**REQUIREMENT**
Restate word for word the lines of the entries below, starting with the line that holds "127.8305 47.7895 -90)" and ending with the line that holds "270) (size 2.2", and no others.

**PROVIDED INFORMATION**

#####

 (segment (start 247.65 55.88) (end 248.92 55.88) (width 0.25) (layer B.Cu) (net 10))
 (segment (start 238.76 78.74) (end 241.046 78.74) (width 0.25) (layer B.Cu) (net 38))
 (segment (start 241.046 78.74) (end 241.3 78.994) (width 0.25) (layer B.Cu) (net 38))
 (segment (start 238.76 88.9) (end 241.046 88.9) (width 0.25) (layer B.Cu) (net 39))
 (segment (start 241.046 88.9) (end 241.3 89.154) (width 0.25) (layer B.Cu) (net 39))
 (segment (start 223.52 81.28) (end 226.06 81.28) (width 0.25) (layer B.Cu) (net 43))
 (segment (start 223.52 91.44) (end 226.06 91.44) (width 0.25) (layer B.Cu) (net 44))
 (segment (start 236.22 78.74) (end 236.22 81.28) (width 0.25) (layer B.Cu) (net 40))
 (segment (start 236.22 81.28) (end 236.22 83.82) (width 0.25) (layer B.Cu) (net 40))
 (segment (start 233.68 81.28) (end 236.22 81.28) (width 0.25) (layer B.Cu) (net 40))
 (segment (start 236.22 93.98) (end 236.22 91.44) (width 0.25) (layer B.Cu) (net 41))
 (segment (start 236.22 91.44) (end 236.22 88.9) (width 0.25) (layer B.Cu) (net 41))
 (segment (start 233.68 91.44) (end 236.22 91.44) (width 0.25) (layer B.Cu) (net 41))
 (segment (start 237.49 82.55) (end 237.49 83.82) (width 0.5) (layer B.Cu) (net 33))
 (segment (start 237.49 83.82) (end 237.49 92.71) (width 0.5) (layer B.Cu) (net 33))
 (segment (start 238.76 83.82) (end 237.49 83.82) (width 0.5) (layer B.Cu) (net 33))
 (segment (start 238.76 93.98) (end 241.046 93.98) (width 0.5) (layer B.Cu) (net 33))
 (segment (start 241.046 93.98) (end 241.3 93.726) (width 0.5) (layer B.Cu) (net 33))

#####

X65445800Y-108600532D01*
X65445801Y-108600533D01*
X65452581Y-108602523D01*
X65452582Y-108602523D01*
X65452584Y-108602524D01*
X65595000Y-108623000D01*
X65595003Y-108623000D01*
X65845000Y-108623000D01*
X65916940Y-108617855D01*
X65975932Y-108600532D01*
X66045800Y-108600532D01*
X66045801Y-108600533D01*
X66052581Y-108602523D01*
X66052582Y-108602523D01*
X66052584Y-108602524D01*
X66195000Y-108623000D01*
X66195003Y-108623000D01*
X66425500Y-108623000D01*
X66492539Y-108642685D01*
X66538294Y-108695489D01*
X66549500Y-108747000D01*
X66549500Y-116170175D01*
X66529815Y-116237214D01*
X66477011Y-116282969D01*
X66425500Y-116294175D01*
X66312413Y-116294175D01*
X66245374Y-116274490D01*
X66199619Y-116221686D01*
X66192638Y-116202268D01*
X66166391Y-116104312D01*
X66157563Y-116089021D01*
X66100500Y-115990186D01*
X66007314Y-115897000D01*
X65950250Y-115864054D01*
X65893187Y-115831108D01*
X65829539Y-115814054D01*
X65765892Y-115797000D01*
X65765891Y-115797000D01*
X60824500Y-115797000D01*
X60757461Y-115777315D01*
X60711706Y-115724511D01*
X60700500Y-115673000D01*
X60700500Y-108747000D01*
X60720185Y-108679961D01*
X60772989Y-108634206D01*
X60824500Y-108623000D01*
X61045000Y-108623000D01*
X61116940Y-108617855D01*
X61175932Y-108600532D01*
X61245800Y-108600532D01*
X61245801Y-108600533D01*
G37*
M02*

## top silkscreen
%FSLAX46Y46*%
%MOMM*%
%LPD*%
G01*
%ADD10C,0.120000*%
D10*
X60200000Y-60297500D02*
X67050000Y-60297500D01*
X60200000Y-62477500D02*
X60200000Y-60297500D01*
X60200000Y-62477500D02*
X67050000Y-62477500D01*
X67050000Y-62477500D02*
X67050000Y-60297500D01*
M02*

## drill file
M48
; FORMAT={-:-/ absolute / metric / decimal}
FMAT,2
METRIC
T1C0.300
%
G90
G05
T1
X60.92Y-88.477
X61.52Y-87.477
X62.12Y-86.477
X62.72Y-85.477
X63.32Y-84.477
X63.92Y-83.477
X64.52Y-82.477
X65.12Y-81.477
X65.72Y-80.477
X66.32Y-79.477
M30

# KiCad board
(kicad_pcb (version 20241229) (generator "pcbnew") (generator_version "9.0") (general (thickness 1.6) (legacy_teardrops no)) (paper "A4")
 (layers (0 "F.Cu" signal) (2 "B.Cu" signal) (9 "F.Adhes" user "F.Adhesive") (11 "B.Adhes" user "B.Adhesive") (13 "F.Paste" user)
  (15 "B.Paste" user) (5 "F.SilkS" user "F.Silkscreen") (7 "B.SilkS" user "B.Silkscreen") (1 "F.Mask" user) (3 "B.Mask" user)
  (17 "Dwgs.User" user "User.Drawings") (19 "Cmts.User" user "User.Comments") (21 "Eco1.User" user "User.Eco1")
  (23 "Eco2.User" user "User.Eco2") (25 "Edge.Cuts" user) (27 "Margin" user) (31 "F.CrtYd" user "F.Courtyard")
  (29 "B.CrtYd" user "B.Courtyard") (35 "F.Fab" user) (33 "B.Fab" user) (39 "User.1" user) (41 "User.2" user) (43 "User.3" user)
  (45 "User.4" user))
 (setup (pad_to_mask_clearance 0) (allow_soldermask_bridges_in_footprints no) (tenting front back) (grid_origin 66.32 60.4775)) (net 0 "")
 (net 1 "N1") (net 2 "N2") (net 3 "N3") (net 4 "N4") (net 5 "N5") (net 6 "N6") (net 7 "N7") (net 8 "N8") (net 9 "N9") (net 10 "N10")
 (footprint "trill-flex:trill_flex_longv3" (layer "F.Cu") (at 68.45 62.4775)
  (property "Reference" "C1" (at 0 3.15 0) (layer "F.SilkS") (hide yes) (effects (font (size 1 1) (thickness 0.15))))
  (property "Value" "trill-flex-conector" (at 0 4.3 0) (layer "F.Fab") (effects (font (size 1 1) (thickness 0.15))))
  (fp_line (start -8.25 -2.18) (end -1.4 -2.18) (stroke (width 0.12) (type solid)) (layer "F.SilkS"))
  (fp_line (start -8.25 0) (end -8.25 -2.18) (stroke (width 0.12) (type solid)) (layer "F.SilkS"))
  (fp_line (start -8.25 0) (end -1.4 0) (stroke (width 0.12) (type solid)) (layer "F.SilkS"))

#####

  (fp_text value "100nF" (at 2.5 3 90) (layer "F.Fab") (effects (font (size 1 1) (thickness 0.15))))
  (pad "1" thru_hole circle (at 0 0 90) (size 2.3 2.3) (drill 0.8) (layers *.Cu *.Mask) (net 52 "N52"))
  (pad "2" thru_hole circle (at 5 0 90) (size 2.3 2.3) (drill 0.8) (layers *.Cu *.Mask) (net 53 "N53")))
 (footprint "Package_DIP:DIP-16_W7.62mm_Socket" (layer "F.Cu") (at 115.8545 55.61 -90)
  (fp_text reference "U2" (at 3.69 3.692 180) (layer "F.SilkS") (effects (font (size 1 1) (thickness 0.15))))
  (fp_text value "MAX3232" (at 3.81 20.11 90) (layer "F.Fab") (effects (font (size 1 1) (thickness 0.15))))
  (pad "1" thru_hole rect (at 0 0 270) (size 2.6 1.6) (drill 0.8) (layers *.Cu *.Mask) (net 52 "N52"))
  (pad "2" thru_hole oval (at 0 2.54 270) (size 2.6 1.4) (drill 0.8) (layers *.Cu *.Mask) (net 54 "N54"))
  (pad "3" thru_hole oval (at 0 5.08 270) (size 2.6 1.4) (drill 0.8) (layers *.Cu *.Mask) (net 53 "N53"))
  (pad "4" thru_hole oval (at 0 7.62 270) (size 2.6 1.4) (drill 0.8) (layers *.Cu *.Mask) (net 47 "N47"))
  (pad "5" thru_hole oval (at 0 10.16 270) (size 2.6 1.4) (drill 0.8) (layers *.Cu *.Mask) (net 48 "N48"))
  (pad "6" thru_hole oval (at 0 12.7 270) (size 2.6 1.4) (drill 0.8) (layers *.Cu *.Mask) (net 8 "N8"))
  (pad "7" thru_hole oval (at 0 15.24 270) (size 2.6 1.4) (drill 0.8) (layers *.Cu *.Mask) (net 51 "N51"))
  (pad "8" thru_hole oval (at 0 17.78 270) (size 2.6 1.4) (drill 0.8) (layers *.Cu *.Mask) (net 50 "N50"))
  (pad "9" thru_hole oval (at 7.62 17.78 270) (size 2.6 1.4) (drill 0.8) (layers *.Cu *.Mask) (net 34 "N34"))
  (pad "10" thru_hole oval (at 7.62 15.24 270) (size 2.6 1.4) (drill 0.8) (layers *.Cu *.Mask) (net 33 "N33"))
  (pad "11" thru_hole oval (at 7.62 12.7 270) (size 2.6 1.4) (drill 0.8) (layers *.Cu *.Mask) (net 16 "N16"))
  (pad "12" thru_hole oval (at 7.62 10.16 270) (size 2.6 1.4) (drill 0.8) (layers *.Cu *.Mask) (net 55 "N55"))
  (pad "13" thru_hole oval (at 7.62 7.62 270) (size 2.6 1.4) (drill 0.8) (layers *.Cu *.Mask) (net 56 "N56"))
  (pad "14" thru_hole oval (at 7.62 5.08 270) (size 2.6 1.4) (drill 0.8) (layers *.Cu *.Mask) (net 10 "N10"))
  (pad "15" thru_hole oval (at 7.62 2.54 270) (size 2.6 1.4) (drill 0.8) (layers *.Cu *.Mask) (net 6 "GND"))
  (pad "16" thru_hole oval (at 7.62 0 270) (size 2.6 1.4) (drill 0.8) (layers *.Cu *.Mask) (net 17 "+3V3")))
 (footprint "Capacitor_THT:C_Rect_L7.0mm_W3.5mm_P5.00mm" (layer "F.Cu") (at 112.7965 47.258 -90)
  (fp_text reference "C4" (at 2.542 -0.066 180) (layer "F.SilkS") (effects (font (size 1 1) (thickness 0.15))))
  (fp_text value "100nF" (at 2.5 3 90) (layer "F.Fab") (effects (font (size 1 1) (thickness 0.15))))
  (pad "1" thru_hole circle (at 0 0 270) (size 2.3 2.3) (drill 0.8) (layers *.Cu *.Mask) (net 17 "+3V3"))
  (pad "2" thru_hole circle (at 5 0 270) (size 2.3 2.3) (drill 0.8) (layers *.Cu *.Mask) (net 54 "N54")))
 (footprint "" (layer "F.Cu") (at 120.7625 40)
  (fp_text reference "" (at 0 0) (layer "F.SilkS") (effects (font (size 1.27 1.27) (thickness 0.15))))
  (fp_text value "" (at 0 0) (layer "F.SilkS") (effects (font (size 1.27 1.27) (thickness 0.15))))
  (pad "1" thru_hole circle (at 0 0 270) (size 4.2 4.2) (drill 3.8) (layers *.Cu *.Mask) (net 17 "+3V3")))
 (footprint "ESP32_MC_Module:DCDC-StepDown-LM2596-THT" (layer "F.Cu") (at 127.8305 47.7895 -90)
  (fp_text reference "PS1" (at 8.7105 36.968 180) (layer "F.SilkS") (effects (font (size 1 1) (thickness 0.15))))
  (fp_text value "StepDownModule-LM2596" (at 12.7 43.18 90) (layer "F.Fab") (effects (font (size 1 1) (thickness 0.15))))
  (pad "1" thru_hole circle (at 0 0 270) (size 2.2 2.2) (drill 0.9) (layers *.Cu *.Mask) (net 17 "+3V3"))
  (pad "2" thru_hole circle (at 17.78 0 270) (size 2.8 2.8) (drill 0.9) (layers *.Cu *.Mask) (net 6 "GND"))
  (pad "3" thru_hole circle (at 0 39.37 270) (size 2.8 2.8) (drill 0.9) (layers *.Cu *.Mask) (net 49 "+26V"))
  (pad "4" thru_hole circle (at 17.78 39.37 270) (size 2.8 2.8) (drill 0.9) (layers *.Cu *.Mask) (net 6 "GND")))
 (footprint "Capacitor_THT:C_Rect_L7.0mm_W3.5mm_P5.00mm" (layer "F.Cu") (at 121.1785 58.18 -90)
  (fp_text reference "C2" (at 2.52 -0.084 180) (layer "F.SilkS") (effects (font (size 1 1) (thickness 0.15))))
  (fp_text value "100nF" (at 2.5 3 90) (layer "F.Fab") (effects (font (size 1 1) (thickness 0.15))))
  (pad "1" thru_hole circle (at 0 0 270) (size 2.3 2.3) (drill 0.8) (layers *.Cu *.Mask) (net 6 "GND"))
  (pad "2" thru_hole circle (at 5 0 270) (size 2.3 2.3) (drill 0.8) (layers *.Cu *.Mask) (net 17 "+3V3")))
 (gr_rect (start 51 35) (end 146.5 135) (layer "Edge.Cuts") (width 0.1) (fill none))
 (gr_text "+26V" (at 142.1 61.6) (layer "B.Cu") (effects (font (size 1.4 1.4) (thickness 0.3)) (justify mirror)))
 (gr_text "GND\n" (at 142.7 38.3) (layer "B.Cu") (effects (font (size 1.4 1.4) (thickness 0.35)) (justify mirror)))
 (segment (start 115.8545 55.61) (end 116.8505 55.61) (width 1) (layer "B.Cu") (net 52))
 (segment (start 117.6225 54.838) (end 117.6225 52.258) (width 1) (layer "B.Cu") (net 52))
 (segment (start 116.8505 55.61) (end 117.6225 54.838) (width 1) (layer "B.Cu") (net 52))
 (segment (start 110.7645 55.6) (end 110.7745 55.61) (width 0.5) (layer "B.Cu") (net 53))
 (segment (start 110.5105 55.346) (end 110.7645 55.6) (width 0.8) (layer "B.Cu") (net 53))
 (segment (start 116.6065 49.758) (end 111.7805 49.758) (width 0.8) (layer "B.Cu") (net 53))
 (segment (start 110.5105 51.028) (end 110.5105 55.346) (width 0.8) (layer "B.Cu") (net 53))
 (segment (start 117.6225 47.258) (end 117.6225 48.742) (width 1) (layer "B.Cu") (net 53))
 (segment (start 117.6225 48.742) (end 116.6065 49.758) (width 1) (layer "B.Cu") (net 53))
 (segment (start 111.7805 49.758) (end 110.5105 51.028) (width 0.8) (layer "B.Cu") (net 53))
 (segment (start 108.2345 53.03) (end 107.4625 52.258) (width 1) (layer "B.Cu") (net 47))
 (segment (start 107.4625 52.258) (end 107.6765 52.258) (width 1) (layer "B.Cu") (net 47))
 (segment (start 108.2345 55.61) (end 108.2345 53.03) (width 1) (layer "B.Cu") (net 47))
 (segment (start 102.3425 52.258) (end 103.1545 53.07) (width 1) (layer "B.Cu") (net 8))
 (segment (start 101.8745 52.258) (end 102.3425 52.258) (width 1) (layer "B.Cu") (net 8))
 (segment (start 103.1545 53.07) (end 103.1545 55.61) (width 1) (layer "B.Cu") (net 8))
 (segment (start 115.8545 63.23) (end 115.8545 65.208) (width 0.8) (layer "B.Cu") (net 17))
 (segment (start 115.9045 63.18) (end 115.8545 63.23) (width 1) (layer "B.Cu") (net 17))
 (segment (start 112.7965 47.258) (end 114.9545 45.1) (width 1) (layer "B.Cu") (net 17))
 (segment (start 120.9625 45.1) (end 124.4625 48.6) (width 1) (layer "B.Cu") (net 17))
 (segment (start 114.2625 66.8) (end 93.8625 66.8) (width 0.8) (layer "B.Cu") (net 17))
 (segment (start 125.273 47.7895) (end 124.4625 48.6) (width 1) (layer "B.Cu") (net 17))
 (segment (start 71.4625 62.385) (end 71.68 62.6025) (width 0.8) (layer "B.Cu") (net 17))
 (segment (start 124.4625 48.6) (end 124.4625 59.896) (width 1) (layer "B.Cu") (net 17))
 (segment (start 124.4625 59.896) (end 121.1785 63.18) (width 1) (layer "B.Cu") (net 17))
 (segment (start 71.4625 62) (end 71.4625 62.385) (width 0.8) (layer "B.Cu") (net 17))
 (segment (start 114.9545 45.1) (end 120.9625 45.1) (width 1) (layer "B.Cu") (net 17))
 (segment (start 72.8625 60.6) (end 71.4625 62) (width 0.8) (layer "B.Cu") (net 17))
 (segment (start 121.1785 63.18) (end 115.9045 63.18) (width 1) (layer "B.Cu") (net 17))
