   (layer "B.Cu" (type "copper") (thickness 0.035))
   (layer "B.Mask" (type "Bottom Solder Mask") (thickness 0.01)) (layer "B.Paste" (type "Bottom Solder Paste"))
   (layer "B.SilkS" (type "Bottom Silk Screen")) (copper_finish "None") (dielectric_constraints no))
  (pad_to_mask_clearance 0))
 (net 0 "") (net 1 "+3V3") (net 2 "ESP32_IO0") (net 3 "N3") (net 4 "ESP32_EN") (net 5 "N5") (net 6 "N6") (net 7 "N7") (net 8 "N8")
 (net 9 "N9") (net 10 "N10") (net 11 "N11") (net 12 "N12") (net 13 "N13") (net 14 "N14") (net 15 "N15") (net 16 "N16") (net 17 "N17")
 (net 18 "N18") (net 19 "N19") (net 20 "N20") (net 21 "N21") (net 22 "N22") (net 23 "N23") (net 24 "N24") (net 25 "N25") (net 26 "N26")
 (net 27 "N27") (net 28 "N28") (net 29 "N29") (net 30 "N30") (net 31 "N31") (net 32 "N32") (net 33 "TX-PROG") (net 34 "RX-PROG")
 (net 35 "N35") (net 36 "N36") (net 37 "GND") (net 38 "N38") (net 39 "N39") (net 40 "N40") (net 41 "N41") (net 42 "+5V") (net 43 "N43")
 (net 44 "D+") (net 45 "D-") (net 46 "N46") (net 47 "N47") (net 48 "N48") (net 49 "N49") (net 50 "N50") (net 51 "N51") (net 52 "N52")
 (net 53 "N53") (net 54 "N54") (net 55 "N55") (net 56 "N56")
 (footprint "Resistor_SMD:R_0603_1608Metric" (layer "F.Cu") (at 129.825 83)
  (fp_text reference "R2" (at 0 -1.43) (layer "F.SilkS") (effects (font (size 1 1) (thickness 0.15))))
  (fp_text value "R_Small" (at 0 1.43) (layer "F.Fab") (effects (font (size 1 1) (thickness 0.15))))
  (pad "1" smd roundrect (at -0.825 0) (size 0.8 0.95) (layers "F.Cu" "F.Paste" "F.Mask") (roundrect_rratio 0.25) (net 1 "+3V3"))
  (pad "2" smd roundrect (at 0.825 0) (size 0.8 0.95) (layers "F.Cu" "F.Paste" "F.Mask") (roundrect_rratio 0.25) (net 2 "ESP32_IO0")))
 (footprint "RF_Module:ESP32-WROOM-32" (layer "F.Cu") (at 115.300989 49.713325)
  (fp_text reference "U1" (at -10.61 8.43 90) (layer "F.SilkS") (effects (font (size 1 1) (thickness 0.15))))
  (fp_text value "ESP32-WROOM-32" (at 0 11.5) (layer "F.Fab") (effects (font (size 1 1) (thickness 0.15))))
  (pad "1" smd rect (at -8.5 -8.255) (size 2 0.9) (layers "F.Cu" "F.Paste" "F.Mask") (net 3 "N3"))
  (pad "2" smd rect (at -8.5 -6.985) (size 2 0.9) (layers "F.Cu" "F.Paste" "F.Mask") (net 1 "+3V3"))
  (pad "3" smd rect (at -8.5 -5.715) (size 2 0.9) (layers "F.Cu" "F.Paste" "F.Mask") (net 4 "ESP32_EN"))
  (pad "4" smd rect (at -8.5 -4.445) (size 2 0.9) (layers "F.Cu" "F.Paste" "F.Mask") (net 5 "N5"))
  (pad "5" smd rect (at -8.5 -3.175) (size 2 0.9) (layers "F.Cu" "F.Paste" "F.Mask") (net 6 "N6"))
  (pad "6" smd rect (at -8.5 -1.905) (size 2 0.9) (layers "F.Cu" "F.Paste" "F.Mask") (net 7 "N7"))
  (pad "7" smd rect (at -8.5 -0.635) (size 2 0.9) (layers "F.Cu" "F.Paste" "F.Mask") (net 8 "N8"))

#####

**ANSWER SECTION**
 (footprint "ESP32_MC_Module:DCDC-StepDown-LM2596-THT" (layer "F.Cu") (at 127.8305 47.7895 -90)
  (fp_text reference "PS1" (at 8.7105 36.968 180) (layer "F.SilkS") (effects (font (size 1 1) (thickness 0.15))))
  (fp_text value "StepDownModule-LM2596" (at 12.7 43.18 90) (layer "F.Fab") (effects (font (size 1 1) (thickness 0.15))))
  (pad "1" thru_hole circle (at 0 0 270) (size 2.2 2.2) (drill 0.9) (layers *.Cu *.Mask) (net 17 "+3V3"))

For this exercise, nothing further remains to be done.